RECORDS FOR PROCESSING Block Start

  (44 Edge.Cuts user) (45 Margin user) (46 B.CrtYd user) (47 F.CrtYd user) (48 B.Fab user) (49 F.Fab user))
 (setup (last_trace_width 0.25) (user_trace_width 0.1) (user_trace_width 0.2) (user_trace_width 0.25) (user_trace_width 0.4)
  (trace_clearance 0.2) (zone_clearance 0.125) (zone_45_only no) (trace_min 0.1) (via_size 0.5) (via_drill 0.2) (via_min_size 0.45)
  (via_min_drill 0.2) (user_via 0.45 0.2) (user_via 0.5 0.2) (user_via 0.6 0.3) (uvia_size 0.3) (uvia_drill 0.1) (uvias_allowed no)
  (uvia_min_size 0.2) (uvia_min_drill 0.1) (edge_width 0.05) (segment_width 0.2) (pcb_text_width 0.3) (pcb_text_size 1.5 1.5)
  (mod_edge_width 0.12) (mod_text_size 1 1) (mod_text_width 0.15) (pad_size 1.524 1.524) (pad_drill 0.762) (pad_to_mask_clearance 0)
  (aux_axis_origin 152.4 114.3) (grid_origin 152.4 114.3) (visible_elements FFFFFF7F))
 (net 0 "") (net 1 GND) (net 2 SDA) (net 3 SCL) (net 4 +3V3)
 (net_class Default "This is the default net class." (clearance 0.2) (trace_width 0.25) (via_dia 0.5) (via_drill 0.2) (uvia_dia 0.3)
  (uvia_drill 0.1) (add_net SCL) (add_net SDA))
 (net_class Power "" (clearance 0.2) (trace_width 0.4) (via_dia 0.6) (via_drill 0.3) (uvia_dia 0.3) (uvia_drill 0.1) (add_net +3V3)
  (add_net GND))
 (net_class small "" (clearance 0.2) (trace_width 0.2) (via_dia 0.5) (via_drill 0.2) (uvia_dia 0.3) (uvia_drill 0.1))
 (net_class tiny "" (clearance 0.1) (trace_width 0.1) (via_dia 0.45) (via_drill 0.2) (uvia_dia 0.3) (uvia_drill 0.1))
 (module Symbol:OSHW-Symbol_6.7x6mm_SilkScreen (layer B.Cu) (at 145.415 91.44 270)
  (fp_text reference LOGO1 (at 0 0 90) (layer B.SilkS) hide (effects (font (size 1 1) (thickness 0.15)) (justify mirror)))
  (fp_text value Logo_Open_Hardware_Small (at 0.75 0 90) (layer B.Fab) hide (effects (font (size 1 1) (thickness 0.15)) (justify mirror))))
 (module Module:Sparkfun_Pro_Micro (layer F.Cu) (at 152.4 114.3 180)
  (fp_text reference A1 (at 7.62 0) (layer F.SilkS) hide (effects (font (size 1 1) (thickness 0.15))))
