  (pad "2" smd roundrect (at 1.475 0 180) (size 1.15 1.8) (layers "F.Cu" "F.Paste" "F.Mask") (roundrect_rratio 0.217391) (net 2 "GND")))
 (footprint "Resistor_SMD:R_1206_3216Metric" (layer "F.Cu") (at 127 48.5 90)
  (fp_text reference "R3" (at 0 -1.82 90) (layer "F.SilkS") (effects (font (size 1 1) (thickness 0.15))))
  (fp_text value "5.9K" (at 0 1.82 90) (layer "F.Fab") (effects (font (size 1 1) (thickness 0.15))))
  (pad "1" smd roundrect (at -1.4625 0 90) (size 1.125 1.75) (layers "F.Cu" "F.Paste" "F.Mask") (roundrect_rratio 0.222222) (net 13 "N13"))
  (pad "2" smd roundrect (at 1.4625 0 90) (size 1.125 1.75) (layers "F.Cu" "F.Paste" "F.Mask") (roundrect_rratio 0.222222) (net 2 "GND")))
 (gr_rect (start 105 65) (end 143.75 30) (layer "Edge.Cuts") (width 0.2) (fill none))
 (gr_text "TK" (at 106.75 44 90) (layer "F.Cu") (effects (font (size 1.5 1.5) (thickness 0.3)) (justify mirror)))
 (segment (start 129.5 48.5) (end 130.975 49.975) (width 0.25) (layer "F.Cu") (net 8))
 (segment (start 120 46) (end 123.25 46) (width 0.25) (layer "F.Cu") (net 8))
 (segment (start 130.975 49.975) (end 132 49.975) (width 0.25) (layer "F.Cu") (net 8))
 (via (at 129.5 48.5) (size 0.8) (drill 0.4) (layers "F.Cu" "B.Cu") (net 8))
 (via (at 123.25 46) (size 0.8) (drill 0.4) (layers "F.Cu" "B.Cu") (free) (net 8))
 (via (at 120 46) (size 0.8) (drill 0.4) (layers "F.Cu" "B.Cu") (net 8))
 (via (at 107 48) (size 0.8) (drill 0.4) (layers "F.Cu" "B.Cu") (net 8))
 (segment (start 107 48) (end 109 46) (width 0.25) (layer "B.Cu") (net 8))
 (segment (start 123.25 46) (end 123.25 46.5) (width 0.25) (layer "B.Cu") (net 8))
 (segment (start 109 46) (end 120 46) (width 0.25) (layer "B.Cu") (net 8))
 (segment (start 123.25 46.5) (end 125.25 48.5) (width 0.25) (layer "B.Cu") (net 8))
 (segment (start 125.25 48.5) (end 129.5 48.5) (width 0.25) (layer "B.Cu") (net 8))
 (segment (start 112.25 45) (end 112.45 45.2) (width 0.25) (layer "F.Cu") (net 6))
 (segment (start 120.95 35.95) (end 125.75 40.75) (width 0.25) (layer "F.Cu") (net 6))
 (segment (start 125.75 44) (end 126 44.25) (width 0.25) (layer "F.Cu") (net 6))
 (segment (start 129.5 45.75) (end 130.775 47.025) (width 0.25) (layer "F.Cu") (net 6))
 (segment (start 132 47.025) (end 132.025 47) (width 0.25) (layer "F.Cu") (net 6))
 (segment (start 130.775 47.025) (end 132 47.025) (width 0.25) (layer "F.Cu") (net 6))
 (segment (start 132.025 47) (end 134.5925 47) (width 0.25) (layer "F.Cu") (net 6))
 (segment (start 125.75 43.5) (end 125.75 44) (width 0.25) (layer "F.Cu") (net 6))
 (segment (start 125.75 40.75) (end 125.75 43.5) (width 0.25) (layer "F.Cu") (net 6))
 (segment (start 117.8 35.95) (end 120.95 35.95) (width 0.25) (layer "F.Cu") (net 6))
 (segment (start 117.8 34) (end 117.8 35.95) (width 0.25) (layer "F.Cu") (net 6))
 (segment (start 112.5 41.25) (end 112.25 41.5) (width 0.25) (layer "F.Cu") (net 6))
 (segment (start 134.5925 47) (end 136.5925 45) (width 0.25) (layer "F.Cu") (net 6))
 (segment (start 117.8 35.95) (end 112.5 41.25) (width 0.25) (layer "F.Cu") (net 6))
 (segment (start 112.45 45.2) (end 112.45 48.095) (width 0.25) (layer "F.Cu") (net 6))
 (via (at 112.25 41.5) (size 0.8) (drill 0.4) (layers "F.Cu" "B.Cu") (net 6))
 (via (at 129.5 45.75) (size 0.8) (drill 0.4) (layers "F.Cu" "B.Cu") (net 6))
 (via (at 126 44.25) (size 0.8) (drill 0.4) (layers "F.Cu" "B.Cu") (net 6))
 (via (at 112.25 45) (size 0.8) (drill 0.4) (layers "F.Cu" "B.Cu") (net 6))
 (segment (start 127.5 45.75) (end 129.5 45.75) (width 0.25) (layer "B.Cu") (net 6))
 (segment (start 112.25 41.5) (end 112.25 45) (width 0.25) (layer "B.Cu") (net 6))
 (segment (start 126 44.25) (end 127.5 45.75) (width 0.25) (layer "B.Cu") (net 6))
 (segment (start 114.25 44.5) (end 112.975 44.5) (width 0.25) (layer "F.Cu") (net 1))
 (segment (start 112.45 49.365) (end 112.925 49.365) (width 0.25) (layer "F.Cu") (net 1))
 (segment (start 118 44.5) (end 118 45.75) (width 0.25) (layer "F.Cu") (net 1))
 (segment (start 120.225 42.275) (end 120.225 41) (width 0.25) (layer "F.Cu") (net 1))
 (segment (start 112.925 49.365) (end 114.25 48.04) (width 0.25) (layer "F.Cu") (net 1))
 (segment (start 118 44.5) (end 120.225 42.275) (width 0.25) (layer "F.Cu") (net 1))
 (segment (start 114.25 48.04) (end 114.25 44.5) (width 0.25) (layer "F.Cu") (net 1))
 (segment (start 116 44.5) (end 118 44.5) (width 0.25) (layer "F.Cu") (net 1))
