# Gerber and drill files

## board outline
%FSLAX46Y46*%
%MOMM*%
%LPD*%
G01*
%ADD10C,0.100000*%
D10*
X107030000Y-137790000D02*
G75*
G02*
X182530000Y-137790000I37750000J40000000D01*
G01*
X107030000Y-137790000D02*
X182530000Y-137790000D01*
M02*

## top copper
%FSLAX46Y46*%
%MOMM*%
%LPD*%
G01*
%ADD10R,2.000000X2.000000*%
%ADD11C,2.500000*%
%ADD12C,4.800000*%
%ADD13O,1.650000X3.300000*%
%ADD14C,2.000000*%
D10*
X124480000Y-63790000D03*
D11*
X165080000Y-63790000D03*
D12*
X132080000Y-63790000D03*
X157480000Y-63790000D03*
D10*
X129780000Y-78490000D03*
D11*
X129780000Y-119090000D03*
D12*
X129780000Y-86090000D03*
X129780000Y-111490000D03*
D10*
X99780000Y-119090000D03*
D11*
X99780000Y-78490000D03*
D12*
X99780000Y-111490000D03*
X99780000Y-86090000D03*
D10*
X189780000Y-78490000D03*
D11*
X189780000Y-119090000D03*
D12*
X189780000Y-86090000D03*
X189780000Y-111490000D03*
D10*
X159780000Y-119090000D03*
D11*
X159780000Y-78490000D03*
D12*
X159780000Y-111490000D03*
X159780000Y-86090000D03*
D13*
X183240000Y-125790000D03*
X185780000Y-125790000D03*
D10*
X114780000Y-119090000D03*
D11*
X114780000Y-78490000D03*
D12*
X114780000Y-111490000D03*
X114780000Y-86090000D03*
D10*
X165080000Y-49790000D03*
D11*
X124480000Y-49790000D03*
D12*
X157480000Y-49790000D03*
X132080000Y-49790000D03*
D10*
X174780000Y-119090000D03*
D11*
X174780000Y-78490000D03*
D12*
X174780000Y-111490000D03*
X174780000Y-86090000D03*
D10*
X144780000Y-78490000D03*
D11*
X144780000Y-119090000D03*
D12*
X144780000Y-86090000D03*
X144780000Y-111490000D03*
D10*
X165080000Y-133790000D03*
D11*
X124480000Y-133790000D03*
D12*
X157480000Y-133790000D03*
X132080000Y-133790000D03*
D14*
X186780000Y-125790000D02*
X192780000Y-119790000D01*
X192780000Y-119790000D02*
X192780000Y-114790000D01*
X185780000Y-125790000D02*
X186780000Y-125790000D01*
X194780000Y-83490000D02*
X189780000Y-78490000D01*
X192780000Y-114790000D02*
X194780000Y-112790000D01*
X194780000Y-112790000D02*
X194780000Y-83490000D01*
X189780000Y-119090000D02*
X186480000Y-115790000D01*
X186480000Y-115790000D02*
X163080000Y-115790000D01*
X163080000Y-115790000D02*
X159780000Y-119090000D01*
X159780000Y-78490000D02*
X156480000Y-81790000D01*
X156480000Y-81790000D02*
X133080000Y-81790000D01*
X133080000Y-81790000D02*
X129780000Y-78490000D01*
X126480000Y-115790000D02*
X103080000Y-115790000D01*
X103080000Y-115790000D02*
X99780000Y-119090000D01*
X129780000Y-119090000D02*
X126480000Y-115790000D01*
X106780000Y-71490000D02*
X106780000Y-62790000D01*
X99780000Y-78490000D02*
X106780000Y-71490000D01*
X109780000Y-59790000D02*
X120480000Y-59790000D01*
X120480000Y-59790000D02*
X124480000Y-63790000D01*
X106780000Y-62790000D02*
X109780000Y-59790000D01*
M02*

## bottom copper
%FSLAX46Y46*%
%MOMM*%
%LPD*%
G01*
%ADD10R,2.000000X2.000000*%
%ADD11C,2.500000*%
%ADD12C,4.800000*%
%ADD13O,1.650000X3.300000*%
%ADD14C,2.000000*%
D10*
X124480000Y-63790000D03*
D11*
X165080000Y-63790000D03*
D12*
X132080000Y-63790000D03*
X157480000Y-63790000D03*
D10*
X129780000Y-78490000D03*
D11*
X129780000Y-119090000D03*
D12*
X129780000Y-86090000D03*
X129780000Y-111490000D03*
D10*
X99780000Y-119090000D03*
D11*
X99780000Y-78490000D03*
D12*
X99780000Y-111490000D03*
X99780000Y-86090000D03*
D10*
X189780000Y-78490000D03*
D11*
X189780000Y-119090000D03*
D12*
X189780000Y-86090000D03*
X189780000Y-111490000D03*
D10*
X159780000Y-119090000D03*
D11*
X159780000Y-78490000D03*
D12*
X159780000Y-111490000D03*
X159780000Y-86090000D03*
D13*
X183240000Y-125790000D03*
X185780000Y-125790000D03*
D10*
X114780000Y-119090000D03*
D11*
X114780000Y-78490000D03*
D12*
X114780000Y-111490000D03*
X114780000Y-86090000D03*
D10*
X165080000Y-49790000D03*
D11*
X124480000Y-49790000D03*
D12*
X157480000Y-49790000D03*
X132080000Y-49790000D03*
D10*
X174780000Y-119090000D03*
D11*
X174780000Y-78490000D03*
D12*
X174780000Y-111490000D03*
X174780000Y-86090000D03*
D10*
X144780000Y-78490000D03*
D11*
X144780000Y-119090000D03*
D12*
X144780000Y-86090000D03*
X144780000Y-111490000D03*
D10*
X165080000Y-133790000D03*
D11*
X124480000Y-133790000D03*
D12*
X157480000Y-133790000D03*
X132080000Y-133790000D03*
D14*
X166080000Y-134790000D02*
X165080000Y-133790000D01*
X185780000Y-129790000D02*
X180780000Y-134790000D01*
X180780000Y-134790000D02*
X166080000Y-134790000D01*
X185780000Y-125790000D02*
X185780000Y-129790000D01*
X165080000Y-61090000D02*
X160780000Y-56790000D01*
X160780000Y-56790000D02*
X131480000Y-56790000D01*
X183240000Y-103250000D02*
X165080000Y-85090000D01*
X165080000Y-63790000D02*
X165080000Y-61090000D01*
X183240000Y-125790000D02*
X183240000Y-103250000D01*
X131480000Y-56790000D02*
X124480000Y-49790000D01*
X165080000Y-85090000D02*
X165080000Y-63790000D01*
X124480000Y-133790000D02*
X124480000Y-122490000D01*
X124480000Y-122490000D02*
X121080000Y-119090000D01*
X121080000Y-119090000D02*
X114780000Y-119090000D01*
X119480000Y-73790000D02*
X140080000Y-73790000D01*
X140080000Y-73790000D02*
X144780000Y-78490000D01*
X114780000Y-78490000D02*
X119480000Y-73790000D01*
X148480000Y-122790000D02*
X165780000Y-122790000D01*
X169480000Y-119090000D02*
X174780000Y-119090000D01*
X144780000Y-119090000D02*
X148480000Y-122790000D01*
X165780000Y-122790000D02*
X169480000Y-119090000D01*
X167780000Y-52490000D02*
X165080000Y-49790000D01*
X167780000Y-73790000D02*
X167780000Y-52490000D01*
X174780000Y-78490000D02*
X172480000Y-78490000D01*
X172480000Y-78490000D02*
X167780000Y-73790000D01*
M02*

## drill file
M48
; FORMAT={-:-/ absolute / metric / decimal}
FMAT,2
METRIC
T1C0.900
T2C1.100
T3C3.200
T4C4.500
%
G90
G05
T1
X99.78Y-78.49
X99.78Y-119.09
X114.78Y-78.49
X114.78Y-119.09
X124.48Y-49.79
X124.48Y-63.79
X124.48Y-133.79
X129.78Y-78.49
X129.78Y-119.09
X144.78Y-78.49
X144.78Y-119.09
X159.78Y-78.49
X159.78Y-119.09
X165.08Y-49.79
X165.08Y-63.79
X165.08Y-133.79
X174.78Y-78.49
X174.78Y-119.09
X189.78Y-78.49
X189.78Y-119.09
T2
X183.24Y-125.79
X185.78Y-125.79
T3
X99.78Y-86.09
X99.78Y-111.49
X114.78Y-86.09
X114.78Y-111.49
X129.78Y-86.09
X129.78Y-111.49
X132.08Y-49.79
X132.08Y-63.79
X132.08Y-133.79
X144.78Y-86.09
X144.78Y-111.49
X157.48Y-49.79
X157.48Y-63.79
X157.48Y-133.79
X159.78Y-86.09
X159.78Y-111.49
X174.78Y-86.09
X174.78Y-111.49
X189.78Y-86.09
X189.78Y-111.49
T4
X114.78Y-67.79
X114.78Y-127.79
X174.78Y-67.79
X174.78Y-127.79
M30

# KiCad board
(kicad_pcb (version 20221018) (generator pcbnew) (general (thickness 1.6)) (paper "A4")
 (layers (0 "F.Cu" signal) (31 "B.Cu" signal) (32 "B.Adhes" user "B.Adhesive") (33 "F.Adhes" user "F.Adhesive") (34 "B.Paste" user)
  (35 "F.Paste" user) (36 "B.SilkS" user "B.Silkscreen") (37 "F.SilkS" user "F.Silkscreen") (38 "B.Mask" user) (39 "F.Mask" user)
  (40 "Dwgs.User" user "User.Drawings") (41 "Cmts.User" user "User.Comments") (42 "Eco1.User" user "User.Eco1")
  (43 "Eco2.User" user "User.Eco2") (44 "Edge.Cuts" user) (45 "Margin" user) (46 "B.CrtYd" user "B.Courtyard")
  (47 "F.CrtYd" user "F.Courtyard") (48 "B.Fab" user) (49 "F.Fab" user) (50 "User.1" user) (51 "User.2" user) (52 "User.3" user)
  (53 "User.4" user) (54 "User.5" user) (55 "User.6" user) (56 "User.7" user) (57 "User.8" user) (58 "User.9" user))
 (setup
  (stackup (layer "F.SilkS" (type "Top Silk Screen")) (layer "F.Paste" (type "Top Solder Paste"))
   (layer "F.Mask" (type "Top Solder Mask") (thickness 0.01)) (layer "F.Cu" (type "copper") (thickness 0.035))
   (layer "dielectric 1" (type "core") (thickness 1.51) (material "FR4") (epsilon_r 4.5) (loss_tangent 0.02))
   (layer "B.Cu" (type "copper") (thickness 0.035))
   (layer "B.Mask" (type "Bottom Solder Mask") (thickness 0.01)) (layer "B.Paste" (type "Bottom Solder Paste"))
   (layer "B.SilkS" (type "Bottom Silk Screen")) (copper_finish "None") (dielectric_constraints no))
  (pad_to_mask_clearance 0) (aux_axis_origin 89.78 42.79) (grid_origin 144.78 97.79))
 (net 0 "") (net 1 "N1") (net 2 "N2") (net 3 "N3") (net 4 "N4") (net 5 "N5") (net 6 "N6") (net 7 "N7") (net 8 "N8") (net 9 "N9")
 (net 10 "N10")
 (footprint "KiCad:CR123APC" (layer "F.Cu") (at 124.48 63.79)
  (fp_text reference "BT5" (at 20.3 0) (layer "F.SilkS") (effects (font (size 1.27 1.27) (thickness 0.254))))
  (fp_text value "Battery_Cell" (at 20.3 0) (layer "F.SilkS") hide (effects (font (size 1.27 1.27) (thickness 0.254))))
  (pad "1" thru_hole rect (at 0 0) (size 2 2) (drill 0.9) (layers "*.Cu" "*.Mask") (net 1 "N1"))
  (pad "2" thru_hole circle (at 40.6 0) (size 2.5 2.5) (drill 0.9) (layers "*.Cu" "*.Mask") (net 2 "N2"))
  (pad "MH1" thru_hole circle (at 7.6 0) (size 4.8 4.8) (drill 3.2) (layers "*.Cu" "*.Mask"))
  (pad "MH2" thru_hole circle (at 33 0) (size 4.8 4.8) (drill 3.2) (layers "*.Cu" "*.Mask")))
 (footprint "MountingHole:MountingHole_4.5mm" (layer "F.Cu") (at 174.78 127.79)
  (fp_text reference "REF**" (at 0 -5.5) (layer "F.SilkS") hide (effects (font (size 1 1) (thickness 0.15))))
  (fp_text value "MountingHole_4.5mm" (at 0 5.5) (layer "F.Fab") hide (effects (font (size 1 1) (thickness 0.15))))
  (pad "" np_thru_hole circle (at 0 0) (size 4.5 4.5) (drill 4.5) (layers "*.Cu" "*.Mask")))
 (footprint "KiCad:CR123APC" (layer "F.Cu") (at 129.78 78.49 -90)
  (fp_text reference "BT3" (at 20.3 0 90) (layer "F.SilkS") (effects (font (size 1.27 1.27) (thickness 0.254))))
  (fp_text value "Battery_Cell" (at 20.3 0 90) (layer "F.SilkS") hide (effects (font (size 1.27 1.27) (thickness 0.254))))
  (pad "1" thru_hole rect (at 0 0 270) (size 2 2) (drill 0.9) (layers "*.Cu" "*.Mask") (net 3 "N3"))
  (pad "2" thru_hole circle (at 40.6 0 270) (size 2.5 2.5) (drill 0.9) (layers "*.Cu" "*.Mask") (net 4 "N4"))
  (pad "MH1" thru_hole circle (at 7.6 0 270) (size 4.8 4.8) (drill 3.2) (layers "*.Cu" "*.Mask"))
  (pad "MH2" thru_hole circle (at 33 0 270) (size 4.8 4.8) (drill 3.2) (layers "*.Cu" "*.Mask")))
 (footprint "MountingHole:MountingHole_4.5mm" (layer "F.Cu") (at 174.78 67.79)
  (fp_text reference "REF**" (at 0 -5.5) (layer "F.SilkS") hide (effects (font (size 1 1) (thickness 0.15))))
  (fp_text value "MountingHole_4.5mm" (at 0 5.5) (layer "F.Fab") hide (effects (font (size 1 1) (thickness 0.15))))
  (pad "" np_thru_hole circle (at 0 0) (size 4.5 4.5) (drill 4.5) (layers "*.Cu" "*.Mask")))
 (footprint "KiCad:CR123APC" (layer "F.Cu") (at 99.78 119.09 90)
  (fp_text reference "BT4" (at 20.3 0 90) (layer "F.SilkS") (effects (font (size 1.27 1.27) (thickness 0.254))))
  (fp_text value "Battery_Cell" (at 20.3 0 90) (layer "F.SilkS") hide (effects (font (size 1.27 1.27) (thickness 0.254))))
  (pad "1" thru_hole rect (at 0 0 90) (size 2 2) (drill 0.9) (layers "*.Cu" "*.Mask") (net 4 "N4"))
  (pad "2" thru_hole circle (at 40.6 0 90) (size 2.5 2.5) (drill 0.9) (layers "*.Cu" "*.Mask") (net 1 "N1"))
  (pad "MH1" thru_hole circle (at 7.6 0 90) (size 4.8 4.8) (drill 3.2) (layers "*.Cu" "*.Mask"))
  (pad "MH2" thru_hole circle (at 33 0 90) (size 4.8 4.8) (drill 3.2) (layers "*.Cu" "*.Mask")))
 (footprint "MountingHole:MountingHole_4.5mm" (layer "F.Cu") (at 114.78 67.79)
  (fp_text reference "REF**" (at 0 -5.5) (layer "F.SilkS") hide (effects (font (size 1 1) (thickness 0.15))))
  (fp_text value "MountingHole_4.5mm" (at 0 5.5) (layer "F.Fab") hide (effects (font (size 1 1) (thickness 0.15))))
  (pad "" np_thru_hole circle (at 0 0) (size 4.5 4.5) (drill 4.5) (layers "*.Cu" "*.Mask")))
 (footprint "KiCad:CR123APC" (layer "F.Cu") (at 189.78 78.49 -90)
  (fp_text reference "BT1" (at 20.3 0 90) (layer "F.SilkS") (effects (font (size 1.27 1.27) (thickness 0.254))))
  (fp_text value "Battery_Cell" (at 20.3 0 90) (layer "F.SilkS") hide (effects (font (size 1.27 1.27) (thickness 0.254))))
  (pad "1" thru_hole rect (at 0 0 270) (size 2 2) (drill 0.9) (layers "*.Cu" "*.Mask") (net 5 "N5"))
  (pad "2" thru_hole circle (at 40.6 0 270) (size 2.5 2.5) (drill 0.9) (layers "*.Cu" "*.Mask") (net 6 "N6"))
  (pad "MH1" thru_hole circle (at 7.6 0 270) (size 4.8 4.8) (drill 3.2) (layers "*.Cu" "*.Mask"))
  (pad "MH2" thru_hole circle (at 33 0 270) (size 4.8 4.8) (drill 3.2) (layers "*.Cu" "*.Mask")))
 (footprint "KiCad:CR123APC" (layer "F.Cu") (at 159.78 119.09 90)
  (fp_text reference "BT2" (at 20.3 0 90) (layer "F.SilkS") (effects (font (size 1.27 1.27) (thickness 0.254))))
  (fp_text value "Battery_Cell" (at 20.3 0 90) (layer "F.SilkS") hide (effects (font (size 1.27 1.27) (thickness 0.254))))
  (pad "1" thru_hole rect (at 0 0 90) (size 2 2) (drill 0.9) (layers "*.Cu" "*.Mask") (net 6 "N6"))
  (pad "2" thru_hole circle (at 40.6 0 90) (size 2.5 2.5) (drill 0.9) (layers "*.Cu" "*.Mask") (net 3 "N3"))
  (pad "MH1" thru_hole circle (at 7.6 0 90) (size 4.8 4.8) (drill 3.2) (layers "*.Cu" "*.Mask"))
  (pad "MH2" thru_hole circle (at 33 0 90) (size 4.8 4.8) (drill 3.2) (layers "*.Cu" "*.Mask")))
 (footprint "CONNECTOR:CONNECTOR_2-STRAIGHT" (layer "F.Cu") (at 184.51 125.79)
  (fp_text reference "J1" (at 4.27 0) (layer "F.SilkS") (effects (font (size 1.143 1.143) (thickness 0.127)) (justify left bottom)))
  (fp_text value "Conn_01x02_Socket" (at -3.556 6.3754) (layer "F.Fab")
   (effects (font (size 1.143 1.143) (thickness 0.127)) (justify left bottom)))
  (pad "1" thru_hole oval (at -1.27 0 90) (size 3.3 1.65) (drill 1.1) (layers "*.Cu" "*.Mask") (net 2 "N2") (solder_mask_margin 0.1016)
   (thermal_bridge_angle 45))
  (pad "2" thru_hole oval (at 1.27 0 90) (size 3.3 1.65) (drill 1.1) (layers "*.Cu" "*.Mask") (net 5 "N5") (solder_mask_margin 0.1016)
   (thermal_bridge_angle 45)))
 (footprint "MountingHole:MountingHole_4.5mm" (layer "F.Cu") (at 114.78 127.79)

RECORDS FOR PROCESSING Block End

[BRIEF]
Lines above that contain the string "roundrect" make up the answer.

[WRITTEN RESPONSE]
  (pad "2" smd roundrect (at 1.475 0 180) (size 1.15 1.8) (layers "F.Cu" "F.Paste" "F.Mask") (roundrect_rratio 0.217391) (net 2 "GND")))
  (pad "1" smd roundrect (at -1.4625 0 90) (size 1.125 1.75) (layers "F.Cu" "F.Paste" "F.Mask") (roundrect_rratio 0.222222) (net 13 "N13"))
  (pad "2" smd roundrect (at 1.4625 0 90) (size 1.125 1.75) (layers "F.Cu" "F.Paste" "F.Mask") (roundrect_rratio 0.222222) (net 2 "GND")))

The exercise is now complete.